** Opening DATA EXTRACTS block **

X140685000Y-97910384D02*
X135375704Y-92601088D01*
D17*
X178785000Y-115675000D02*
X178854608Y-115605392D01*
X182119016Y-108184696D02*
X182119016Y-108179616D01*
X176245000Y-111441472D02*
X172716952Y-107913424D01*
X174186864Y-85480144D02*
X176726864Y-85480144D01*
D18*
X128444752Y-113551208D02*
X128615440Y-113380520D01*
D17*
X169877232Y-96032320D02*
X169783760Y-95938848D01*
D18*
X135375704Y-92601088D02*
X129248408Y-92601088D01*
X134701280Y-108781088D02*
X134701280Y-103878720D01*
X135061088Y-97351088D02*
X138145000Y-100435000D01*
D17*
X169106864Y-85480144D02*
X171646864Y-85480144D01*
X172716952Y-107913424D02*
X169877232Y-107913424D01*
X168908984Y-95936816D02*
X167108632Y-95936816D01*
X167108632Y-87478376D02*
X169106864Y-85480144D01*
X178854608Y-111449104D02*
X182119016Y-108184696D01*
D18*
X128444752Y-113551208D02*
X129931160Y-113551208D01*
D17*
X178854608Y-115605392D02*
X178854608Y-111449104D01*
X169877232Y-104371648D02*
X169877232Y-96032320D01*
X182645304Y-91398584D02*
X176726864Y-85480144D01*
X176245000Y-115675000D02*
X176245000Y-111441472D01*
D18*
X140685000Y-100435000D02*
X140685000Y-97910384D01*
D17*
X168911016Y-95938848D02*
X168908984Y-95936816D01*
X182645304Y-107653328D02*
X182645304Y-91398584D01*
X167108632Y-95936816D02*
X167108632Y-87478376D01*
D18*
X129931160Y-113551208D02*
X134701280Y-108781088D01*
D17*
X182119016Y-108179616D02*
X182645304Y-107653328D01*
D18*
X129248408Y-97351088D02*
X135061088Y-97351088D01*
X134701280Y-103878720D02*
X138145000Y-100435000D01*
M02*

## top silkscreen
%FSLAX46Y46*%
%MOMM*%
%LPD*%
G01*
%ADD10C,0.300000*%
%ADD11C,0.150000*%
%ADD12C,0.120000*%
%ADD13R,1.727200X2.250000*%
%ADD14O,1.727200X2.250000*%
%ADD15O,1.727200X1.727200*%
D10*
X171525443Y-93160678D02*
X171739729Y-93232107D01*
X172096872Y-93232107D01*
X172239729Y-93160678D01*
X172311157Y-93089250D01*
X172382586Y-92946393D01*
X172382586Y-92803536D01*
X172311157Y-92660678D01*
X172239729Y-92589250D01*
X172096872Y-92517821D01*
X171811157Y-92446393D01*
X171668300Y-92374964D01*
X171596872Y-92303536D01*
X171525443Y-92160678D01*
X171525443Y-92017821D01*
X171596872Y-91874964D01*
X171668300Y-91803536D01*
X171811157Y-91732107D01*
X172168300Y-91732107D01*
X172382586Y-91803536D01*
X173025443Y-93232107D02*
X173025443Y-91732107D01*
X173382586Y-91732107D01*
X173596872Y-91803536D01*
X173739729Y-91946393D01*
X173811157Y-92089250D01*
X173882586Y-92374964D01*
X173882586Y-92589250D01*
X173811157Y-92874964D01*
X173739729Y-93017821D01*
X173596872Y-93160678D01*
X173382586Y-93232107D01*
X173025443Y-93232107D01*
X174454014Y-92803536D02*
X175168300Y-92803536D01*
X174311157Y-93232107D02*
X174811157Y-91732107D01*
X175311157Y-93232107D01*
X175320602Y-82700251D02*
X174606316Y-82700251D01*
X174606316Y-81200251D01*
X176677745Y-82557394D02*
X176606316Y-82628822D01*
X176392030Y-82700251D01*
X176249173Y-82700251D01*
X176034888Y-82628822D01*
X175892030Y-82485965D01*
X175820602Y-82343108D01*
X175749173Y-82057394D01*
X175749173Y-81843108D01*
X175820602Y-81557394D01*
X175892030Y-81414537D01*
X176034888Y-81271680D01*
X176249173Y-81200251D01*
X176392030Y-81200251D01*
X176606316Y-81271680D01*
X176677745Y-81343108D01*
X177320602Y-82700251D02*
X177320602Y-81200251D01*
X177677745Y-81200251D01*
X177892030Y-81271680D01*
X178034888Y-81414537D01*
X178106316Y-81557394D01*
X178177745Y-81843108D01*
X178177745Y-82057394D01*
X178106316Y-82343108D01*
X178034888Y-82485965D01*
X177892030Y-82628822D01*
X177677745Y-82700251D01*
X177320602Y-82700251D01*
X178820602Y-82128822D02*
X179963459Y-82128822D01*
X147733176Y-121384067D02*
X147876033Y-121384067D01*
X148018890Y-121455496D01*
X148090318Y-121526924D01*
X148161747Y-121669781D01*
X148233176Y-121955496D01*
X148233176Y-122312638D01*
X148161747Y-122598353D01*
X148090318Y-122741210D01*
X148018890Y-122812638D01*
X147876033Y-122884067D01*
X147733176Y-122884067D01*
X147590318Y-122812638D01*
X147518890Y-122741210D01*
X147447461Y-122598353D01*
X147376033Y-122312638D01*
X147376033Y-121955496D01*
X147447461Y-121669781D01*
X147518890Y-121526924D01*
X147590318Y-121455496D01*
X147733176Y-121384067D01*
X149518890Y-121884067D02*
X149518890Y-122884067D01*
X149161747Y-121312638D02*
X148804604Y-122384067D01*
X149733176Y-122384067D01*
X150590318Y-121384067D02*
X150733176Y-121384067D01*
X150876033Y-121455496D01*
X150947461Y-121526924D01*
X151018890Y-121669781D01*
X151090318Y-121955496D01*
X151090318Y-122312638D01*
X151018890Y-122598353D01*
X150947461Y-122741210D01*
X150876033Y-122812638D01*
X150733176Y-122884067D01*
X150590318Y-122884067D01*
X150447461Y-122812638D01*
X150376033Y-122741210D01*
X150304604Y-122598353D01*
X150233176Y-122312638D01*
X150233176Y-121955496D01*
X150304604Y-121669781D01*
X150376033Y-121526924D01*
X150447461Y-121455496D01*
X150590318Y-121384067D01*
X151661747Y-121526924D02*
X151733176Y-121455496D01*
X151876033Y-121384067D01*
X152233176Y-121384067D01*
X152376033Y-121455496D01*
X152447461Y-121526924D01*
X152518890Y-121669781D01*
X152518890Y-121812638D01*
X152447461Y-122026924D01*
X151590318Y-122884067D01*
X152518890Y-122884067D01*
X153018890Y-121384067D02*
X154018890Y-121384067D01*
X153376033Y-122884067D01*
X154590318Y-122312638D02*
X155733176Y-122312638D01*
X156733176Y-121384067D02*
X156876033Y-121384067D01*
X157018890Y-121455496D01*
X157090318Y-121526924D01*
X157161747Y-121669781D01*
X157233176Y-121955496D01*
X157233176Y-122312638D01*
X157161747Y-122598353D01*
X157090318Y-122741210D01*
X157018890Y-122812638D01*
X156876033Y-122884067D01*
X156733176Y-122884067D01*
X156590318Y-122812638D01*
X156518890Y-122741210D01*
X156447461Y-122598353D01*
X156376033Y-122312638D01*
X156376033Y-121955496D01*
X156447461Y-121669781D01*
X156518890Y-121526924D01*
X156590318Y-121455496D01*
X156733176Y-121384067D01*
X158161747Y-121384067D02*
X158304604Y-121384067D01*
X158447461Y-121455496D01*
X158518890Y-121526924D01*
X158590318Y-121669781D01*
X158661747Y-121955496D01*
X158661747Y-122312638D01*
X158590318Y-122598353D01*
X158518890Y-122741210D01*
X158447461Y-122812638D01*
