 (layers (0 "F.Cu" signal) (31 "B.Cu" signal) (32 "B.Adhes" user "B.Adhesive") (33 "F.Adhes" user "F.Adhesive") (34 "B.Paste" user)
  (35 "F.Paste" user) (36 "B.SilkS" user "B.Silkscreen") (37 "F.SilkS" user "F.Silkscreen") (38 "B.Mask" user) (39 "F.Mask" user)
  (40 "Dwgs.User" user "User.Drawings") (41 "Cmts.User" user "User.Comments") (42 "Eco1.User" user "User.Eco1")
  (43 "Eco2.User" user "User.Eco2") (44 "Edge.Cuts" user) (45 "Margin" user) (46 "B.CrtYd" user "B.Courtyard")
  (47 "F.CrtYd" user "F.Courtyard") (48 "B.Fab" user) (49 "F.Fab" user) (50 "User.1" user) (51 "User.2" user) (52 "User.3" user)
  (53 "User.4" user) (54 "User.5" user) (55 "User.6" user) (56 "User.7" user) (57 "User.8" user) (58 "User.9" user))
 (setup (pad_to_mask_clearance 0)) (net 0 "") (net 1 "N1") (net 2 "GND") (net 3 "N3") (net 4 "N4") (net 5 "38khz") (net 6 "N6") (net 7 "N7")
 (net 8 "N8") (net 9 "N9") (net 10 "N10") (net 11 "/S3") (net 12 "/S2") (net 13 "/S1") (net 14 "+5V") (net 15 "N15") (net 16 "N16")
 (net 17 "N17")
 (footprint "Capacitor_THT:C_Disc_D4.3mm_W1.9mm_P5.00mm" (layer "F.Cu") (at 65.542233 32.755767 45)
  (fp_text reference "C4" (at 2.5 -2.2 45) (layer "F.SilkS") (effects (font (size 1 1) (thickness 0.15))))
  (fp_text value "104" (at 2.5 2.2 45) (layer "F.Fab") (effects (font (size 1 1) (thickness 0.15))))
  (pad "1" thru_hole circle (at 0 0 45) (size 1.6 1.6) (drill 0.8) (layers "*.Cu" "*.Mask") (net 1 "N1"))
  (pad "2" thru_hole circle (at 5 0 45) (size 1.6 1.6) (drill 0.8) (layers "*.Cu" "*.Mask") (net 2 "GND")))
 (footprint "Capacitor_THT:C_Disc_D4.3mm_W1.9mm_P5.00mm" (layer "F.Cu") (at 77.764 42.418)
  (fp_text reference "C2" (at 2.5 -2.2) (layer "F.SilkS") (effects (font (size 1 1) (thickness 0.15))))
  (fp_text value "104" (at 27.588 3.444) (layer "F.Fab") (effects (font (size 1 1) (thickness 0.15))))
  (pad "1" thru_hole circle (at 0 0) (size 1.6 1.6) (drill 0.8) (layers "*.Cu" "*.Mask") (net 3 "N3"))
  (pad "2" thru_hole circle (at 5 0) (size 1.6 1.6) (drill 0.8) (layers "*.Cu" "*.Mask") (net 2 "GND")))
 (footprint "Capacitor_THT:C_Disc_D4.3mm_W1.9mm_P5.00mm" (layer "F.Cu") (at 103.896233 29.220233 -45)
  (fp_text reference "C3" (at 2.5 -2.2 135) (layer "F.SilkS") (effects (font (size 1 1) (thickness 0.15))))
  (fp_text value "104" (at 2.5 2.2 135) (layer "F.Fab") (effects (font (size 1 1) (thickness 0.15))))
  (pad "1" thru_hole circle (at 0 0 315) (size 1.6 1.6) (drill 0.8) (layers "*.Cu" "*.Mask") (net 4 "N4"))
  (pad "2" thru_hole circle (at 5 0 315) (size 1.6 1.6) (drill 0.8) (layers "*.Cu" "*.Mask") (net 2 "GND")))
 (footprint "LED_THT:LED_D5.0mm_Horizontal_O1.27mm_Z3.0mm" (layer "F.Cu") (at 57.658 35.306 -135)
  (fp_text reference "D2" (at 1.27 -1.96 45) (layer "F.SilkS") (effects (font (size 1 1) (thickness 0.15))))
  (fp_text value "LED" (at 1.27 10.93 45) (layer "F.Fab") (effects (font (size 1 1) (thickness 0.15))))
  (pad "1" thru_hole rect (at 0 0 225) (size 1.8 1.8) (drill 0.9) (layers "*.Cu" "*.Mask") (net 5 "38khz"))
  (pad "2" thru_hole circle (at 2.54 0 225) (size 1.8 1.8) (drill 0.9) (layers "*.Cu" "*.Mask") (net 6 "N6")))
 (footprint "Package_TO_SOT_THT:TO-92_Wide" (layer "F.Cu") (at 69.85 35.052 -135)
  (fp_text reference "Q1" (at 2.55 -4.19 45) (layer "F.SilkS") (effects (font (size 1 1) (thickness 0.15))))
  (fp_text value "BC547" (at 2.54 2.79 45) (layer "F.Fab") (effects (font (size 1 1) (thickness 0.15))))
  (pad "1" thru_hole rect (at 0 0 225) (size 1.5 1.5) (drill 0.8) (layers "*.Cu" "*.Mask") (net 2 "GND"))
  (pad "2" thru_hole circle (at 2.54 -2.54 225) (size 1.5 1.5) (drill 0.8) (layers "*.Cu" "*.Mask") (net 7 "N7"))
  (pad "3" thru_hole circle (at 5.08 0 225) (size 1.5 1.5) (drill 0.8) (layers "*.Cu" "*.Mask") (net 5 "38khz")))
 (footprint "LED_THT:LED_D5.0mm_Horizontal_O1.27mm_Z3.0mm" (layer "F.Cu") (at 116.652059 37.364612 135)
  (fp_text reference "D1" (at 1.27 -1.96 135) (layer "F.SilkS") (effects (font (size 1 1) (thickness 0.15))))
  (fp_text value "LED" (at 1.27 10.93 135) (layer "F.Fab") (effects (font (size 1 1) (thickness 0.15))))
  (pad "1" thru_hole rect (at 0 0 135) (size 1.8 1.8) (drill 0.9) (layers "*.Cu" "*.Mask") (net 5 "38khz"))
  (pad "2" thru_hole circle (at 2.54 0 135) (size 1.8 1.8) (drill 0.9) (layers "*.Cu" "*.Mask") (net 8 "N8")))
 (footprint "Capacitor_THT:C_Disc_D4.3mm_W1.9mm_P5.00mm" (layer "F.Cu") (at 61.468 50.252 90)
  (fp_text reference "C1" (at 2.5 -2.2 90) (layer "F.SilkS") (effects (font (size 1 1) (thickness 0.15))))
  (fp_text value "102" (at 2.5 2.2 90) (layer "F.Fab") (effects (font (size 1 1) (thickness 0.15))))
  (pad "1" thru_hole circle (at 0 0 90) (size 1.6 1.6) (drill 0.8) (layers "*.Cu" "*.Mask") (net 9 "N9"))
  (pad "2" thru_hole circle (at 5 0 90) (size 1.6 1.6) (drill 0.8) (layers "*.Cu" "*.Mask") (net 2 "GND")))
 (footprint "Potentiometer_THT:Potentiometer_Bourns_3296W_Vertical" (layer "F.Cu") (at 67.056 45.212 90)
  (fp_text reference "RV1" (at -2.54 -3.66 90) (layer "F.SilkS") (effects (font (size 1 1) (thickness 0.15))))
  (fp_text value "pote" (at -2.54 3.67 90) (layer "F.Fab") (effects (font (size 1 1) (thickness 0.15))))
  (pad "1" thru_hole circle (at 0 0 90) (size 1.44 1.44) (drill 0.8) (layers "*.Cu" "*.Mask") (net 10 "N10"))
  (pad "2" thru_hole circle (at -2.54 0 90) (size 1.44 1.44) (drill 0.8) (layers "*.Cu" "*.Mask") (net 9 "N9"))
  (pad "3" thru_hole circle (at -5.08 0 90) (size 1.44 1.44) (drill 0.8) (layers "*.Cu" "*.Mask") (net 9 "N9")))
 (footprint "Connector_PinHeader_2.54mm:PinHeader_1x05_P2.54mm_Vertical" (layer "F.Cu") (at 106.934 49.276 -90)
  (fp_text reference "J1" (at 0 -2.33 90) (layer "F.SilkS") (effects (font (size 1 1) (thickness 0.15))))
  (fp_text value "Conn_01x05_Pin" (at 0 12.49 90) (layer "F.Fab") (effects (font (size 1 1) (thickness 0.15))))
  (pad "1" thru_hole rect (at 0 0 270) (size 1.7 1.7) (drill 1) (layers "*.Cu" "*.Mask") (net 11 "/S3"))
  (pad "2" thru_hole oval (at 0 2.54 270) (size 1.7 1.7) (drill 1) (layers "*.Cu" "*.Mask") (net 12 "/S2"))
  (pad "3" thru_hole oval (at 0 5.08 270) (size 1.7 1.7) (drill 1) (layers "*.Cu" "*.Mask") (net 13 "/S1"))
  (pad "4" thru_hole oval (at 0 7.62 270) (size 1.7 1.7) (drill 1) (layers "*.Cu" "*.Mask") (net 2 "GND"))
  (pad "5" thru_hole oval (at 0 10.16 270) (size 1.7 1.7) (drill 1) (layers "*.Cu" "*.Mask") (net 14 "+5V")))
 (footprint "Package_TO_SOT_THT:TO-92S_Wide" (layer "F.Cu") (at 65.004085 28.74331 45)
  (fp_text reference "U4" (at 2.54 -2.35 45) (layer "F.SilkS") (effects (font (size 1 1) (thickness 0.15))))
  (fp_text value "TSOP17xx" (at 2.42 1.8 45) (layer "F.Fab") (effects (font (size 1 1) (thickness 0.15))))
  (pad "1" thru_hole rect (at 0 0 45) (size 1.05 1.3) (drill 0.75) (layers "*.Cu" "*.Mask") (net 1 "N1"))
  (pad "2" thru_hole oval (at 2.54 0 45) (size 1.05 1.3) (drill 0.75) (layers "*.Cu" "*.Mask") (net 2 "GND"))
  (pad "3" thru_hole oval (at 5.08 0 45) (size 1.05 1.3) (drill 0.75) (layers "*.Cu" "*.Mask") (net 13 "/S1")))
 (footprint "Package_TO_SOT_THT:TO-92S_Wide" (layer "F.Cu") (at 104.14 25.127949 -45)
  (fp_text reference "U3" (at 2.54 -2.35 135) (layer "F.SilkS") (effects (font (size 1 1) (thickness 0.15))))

** Closing DATA EXTRACTS block **

From the listing above, pick out each line where the word "user" appears.

 (layers (0 "F.Cu" signal) (31 "B.Cu" signal) (32 "B.Adhes" user "B.Adhesive") (33 "F.Adhes" user "F.Adhesive") (34 "B.Paste" user)
  (35 "F.Paste" user) (36 "B.SilkS" user "B.Silkscreen") (37 "F.SilkS" user "F.Silkscreen") (38 "B.Mask" user) (39 "F.Mask" user)
  (40 "Dwgs.User" user "User.Drawings") (41 "Cmts.User" user "User.Comments") (42 "Eco1.User" user "User.Eco1")
  (43 "Eco2.User" user "User.Eco2") (44 "Edge.Cuts" user) (45 "Margin" user) (46 "B.CrtYd" user "B.Courtyard")
  (47 "F.CrtYd" user "F.Courtyard") (48 "B.Fab" user) (49 "F.Fab" user) (50 "User.1" user) (51 "User.2" user) (52 "User.3" user)
  (53 "User.4" user) (54 "User.5" user) (55 "User.6" user) (56 "User.7" user) (57 "User.8" user) (58 "User.9" user))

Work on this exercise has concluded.